Vision Pro Max

Before image capture
After image capture
Using Google Cloud & Gemini AI API

Inspiration

As a team composed of members with engineering backgrounds, our objective is to leverage robust and cutting-edge AI technology to improve the lives of individuals with visual disabilities. Taking inspiration from the recent release of Vision Pro, we aim to empower visually impaired individuals by providing them with the means to visualize and navigate the world around them. By harnessing advanced technology, such as visual inputs integrated with Google Gemini, we endeavor to enable blind individuals to perceive their surroundings akin to sighted individuals, thus facilitating their interpretation of the world and enhancing their independence and quality of life. This technology is also beneficial for less developed areas where traditional accessibility aids such as braille or crosswalk audio signals may not be readily available.

What it does

This project helps visually impaired individuals by enabling them to capture images of their surroundings through a web interface. Once the image is captured, the system provides an auditory description of the scene. Users can choose the level of detail in the description to suit their needs, ranging from basic outlines to detailed narratives involving colors and sizes. For instance, while navigating a familiar path with tactile paving, a simple description is enough. However, in unfamiliar areas or places without specialized pathways, more comprehensive details like road signs and building directories become essential for safe and effective navigation.

How we built it

The entire back end was coded in Python. We utilized Google Gemini Vision Pro API to describe the content of the image captured by the camera in text. Then, we used Google Cloud Text-to-Speech API to convert text into audio files. The dynamic user interface was built using HTML, CSS, and Javascript, while Flask and the Fetch API were used to handle HTTP requests. Pillow was also used to manage and process the images taken by the user.

Challenges we ran into

We struggled with the complexity of setting up and securely integrating Google Cloud APIs, facing issues like handling authentication and managing API keys. Also, merging independently developed code into a cohesive system was challenging due to differing coding styles and methodologies. Our team also had very little prior experience with web development which proved to be a challenge as we attempted to learn different frameworks within the limited time limit.
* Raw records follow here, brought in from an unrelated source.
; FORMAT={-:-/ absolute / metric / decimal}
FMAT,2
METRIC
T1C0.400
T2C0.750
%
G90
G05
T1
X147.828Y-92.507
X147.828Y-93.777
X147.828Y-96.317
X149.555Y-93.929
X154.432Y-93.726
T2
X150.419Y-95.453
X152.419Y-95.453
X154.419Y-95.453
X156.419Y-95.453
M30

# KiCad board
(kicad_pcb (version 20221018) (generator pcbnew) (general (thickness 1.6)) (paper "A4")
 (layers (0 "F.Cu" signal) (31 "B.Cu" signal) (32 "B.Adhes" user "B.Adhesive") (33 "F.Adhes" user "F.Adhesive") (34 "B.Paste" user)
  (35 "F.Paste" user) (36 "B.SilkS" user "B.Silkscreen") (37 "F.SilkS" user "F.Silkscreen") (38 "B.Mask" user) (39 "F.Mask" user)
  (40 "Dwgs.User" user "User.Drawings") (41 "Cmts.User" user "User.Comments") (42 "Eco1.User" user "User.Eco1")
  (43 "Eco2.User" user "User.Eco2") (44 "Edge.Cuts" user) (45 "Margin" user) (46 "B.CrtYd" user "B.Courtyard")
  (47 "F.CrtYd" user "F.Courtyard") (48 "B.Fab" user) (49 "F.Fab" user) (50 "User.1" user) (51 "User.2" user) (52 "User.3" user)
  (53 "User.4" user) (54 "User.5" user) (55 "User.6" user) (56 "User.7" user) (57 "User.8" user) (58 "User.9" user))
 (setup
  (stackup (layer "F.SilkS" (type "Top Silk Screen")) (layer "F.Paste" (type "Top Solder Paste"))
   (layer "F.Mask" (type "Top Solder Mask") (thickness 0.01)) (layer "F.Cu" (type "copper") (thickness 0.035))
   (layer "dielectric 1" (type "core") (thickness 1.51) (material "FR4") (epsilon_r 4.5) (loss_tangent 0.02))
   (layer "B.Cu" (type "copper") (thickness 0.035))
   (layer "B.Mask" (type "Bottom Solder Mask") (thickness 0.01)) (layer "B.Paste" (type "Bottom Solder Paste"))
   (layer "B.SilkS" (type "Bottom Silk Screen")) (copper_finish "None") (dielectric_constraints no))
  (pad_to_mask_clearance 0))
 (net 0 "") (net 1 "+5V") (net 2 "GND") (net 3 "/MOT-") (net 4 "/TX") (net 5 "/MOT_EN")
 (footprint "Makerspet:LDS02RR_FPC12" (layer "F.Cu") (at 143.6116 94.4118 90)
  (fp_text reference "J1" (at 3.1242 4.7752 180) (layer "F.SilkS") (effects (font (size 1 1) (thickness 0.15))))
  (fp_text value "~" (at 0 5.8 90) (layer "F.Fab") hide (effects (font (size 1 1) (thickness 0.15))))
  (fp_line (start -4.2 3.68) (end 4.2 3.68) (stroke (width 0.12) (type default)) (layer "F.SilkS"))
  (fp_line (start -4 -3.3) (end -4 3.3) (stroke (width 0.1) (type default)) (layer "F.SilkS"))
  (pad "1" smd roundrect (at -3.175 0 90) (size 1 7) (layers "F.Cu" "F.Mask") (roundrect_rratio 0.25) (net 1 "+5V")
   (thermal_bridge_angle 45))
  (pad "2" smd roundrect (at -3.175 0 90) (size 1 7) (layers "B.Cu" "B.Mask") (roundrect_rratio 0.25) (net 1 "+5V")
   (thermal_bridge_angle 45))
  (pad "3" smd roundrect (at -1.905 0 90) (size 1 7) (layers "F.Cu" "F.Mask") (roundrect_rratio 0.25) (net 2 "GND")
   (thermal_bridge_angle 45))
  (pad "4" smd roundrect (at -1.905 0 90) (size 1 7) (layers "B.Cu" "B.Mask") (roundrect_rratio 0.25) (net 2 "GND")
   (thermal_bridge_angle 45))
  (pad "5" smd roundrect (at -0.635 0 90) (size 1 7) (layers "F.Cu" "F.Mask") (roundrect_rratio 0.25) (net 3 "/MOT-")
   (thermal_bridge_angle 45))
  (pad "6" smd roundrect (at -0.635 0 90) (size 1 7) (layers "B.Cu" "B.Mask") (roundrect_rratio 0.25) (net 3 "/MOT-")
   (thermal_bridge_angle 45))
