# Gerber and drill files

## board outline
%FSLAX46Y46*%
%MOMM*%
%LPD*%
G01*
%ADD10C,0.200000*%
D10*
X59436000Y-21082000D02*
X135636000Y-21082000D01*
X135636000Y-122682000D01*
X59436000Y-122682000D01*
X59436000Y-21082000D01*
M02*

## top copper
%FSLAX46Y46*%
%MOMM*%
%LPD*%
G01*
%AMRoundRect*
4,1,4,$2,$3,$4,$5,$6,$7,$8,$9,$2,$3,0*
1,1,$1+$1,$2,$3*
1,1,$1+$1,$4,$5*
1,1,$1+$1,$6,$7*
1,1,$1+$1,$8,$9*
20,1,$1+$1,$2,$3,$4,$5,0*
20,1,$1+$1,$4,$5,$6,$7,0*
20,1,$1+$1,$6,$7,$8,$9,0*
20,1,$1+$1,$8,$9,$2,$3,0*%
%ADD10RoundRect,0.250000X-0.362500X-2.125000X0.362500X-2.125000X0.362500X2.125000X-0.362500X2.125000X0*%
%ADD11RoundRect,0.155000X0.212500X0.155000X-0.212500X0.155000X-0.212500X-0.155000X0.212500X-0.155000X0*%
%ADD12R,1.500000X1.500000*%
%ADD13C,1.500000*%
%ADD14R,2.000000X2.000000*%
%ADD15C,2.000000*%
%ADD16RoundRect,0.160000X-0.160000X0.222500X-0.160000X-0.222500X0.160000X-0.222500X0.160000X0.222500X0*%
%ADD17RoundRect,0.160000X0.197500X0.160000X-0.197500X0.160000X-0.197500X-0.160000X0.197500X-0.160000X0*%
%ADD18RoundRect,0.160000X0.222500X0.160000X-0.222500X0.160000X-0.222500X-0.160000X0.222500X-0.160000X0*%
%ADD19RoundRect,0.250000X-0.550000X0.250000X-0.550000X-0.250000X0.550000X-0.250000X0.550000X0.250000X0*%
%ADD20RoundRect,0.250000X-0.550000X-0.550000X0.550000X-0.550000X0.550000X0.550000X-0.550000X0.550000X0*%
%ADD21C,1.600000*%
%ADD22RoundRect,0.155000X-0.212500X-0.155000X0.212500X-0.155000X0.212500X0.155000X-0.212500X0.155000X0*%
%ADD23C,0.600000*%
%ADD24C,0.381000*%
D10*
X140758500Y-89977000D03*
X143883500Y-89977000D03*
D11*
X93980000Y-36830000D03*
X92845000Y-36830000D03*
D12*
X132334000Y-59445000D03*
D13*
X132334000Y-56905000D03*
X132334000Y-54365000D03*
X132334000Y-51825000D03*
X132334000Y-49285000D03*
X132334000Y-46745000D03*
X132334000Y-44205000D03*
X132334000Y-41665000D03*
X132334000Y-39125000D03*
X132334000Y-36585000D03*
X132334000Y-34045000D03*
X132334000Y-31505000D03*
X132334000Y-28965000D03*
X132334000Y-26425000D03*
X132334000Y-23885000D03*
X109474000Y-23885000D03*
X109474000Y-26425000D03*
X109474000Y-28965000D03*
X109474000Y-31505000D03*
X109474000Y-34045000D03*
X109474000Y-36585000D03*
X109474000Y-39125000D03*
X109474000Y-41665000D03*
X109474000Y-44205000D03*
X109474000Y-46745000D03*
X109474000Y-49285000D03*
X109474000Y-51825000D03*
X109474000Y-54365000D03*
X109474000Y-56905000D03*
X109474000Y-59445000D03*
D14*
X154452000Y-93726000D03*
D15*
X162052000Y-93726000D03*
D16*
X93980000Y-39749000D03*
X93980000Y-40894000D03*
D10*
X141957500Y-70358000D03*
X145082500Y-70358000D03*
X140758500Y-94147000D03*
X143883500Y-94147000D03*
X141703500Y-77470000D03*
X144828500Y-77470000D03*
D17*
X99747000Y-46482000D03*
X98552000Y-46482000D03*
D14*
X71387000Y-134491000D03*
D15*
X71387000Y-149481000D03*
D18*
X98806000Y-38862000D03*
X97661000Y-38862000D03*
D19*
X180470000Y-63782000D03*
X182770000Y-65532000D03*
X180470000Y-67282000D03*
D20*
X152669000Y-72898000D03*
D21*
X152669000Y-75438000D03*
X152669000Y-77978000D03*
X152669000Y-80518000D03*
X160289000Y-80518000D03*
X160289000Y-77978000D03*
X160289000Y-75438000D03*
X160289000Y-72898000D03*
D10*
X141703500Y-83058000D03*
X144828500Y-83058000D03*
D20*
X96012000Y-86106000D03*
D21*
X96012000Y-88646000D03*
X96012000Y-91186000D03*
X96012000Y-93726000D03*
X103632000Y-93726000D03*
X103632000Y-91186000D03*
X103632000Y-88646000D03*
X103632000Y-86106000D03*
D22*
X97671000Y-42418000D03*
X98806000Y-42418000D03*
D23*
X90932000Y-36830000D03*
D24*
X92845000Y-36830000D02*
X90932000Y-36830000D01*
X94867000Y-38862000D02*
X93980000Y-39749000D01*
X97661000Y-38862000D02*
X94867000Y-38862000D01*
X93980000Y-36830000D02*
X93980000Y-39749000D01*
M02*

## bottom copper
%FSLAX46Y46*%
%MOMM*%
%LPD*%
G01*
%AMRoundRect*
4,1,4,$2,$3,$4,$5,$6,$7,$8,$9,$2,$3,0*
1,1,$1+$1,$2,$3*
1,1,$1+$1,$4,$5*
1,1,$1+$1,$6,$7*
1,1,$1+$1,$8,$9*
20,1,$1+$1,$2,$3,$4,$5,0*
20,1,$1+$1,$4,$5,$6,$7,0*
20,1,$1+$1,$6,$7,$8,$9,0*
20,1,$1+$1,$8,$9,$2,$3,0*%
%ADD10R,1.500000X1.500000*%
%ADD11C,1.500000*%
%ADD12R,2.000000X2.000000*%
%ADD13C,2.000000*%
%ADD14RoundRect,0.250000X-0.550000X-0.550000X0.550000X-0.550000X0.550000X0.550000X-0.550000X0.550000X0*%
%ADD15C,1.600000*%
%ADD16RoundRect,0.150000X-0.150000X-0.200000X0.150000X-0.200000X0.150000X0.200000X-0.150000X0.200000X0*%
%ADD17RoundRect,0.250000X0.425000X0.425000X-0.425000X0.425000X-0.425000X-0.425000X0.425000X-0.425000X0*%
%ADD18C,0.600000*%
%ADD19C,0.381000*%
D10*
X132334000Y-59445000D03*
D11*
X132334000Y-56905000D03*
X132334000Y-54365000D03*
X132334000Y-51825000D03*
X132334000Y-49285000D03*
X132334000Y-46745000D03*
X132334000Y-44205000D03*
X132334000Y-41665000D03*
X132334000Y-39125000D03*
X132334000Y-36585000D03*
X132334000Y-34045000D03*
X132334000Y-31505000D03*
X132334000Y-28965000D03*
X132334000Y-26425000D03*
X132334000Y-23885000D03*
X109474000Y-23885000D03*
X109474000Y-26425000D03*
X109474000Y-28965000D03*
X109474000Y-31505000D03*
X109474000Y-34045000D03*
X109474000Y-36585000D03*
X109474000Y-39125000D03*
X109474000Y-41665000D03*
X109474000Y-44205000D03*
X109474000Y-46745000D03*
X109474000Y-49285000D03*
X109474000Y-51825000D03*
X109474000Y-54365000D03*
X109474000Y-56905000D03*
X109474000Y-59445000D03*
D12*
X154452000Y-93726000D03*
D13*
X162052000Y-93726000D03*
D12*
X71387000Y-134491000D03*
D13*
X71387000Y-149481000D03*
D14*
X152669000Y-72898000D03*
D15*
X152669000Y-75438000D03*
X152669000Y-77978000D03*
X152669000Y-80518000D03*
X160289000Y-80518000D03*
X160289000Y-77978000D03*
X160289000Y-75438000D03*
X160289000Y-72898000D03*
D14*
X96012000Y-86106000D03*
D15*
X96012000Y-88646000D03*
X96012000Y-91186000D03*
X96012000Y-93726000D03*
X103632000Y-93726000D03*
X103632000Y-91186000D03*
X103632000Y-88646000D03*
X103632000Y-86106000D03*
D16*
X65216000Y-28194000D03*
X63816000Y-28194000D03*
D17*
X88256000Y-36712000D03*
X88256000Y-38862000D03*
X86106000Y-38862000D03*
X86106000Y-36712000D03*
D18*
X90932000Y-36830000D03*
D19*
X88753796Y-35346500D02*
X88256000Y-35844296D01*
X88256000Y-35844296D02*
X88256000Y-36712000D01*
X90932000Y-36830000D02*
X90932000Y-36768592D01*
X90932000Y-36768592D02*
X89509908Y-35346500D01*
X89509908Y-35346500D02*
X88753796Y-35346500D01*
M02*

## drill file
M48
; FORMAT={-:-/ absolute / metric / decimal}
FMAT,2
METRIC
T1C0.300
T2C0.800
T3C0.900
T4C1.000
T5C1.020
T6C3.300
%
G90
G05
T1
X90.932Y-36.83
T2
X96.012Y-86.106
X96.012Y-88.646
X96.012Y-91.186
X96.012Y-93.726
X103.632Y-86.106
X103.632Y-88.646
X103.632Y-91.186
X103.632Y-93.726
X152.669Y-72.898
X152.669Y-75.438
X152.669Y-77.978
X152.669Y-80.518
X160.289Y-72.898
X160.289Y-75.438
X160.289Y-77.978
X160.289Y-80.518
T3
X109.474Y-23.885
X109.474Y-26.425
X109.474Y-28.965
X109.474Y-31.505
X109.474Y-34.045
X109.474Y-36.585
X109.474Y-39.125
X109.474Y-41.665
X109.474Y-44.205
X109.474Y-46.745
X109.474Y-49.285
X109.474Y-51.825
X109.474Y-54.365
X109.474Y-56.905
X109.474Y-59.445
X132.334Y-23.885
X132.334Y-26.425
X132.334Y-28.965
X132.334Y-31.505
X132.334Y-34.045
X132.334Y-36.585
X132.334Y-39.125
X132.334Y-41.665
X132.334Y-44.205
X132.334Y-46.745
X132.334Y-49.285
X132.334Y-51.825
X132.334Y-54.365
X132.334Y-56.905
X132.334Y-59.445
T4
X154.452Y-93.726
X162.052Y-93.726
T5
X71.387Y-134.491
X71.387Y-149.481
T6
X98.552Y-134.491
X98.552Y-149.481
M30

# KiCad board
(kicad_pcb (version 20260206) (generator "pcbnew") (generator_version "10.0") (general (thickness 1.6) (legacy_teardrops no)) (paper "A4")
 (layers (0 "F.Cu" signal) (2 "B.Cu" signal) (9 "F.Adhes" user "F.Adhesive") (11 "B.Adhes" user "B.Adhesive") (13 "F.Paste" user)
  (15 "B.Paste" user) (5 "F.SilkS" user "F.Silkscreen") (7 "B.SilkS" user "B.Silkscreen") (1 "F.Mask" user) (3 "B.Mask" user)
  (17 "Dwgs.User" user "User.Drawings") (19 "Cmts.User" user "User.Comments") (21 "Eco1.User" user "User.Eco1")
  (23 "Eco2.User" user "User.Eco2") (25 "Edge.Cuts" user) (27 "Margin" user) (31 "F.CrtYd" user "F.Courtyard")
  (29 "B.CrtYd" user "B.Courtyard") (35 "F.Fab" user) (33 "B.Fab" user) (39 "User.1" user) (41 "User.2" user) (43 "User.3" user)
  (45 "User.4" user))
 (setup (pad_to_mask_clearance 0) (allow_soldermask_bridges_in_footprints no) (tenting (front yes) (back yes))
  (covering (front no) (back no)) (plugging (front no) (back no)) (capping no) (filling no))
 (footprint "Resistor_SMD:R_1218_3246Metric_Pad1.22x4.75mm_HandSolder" (layer "F.Cu") (at 142.321 89.977)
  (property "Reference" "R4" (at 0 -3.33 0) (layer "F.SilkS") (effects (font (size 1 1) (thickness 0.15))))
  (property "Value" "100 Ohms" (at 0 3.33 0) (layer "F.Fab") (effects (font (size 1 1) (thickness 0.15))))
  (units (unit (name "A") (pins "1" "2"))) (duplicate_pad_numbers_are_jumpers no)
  (pad "1" smd roundrect (at -1.5625 0) (size 1.225 4.75) (layers "F.Cu" "F.Mask" "F.Paste") (roundrect_rratio 0.204082) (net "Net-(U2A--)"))
  (pad "2" smd roundrect (at 1.5625 0) (size 1.225 4.75) (layers "F.Cu" "F.Mask" "F.Paste") (roundrect_rratio 0.204082)
   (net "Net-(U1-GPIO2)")))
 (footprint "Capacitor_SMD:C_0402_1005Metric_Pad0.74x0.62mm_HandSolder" (layer "F.Cu") (at 93.4125 36.83 180)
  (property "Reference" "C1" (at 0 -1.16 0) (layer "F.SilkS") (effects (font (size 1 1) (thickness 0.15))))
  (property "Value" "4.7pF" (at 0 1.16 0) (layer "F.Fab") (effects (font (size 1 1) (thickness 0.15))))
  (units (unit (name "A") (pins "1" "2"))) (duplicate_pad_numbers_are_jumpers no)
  (pad "1" smd roundrect (at -0.5675 0 180) (size 0.735 0.62) (layers "F.Cu" "F.Mask" "F.Paste") (roundrect_rratio 0.25) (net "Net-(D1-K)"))
  (pad "2" smd roundrect (at 0.5675 0 180) (size 0.735 0.62) (layers "F.Cu" "F.Mask" "F.Paste") (roundrect_rratio 0.25) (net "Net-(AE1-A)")))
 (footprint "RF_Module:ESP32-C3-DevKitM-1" (layer "F.Cu") (at 132.334 59.445 180)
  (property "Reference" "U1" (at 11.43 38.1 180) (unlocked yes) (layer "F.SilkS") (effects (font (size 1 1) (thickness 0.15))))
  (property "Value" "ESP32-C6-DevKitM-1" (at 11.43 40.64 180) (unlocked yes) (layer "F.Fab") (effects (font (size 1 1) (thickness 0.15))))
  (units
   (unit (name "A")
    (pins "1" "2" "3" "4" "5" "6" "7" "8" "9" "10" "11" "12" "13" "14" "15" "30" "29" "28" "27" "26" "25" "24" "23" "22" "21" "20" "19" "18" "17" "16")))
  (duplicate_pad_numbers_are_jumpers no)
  (pad "1" thru_hole rect (at 0 0 180) (size 1.5 1.5) (drill 0.9) (layers "*.Cu" "*.Mask") (remove_unused_layers yes) (keep_end_layers yes)
   (zone_layer_connections) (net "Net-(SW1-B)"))
  (pad "2" thru_hole circle (at 0 2.54 180) (size 1.5 1.5) (drill 0.9) (layers "*.Cu" "*.Mask") (remove_unused_layers yes)
   (keep_end_layers yes) (zone_layer_connections) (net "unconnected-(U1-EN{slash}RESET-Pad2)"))
  (pad "3" thru_hole circle (at 0 5.08 180) (size 1.5 1.5) (drill 0.9) (layers "*.Cu" "*.Mask") (remove_unused_layers yes)
   (keep_end_layers yes) (zone_layer_connections) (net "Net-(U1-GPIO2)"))
  (pad "4" thru_hole circle (at 0 7.62 180) (size 1.5 1.5) (drill 0.9) (layers "*.Cu" "*.Mask") (remove_unused_layers yes)
   (keep_end_layers yes) (zone_layer_connections) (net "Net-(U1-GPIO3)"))
  (pad "5" thru_hole circle (at 0 10.16 180) (size 1.5 1.5) (drill 0.9) (layers "*.Cu" "*.Mask") (remove_unused_layers yes)
   (keep_end_layers yes) (zone_layer_connections) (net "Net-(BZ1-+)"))
  (pad "6" thru_hole circle (at 0 12.7 180) (size 1.5 1.5) (drill 0.9) (layers "*.Cu" "*.Mask") (remove_unused_layers yes)
   (keep_end_layers yes) (zone_layer_connections) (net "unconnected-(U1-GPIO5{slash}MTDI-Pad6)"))
  (pad "7" thru_hole circle (at 0 15.24 180) (size 1.5 1.5) (drill 0.9) (layers "*.Cu" "*.Mask") (remove_unused_layers yes)
   (keep_end_layers yes) (zone_layer_connections) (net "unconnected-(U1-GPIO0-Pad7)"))
  (pad "8" thru_hole circle (at 0 17.78 180) (size 1.5 1.5) (drill 0.9) (layers "*.Cu" "*.Mask") (remove_unused_layers yes)
   (keep_end_layers yes) (zone_layer_connections) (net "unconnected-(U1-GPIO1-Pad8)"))
  (pad "9" thru_hole circle (at 0 20.32 180) (size 1.5 1.5) (drill 0.9) (layers "*.Cu" "*.Mask") (remove_unused_layers yes)
   (keep_end_layers yes) (zone_layer_connections) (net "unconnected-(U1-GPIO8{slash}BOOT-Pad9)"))
  (pad "10" thru_hole circle (at 0 22.86 180) (size 1.5 1.5) (drill 0.9) (layers "*.Cu" "*.Mask") (remove_unused_layers yes)
   (keep_end_layers yes) (zone_layer_connections) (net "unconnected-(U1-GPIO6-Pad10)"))
  (pad "11" thru_hole circle (at 0 25.4 180) (size 1.5 1.5) (drill 0.9) (layers "*.Cu" "*.Mask") (remove_unused_layers yes)
   (keep_end_layers yes) (zone_layer_connections) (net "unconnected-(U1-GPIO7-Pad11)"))
  (pad "12" thru_hole circle (at 0 27.94 180) (size 1.5 1.5) (drill 0.9) (layers "*.Cu" "*.Mask") (remove_unused_layers yes)
   (keep_end_layers yes) (zone_layer_connections) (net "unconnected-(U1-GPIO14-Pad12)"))
  (pad "13" thru_hole circle (at 0 30.48 180) (size 1.5 1.5) (drill 0.9) (layers "*.Cu" "*.Mask") (remove_unused_layers yes)
   (keep_end_layers yes) (zone_layer_connections) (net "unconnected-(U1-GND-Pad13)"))
  (pad "14" thru_hole circle (at 0 33.02 180) (size 1.5 1.5) (drill 0.9) (layers "*.Cu" "*.Mask") (remove_unused_layers yes)
   (keep_end_layers yes) (zone_layer_connections) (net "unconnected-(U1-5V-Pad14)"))
  (pad "15" thru_hole circle (at 0 35.56 180) (size 1.5 1.5) (drill 0.9) (layers "*.Cu" "*.Mask") (remove_unused_layers yes)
Accomplishments that we're proud of

Creating a product for a demographic we don't personally belong to, such as the visually impaired, presented a unique challenge. Our lack of direct experience made it difficult to authentically address their needs and safety concerns. Through brainstorming, we identified potential safety risks for users and developed an alarm feature to regularly check on the user's consciousness. Additionally, despite our team having nearly no prior experience in frontend design, we successfully integrated the user interface and its functionalities with the backend system, ensuring a seamless and effective operation.

What we learned

From this hackathon, our team acquired a diverse set of skills and insights. We successfully bridged the gap between frontend and backend development, mastering the synchronization process via Git and GitHub within Visual Studio Code. Delving into Genesis, we adapted the provided Python code, understanding its structure and functionality to fit our project's vision. Throughout the event, we encountered challenges that honed our problem-solving abilities, bringing us to online resources for guidance. This experience deepened our comprehension of code frameworks and structure, empowering us to apply these newfound skills to future endeavors.

What's next for Vision Pro Max

Our future plan involves processing video in real-time to better understand our users' behavior. This will allow us to detect user movement and the speed of their motion, enhancing our alarm system for added safety. For instance, if a user remains stationary for an extended period, the system could prompt them to touch the screen, confirming their safety and consciousness.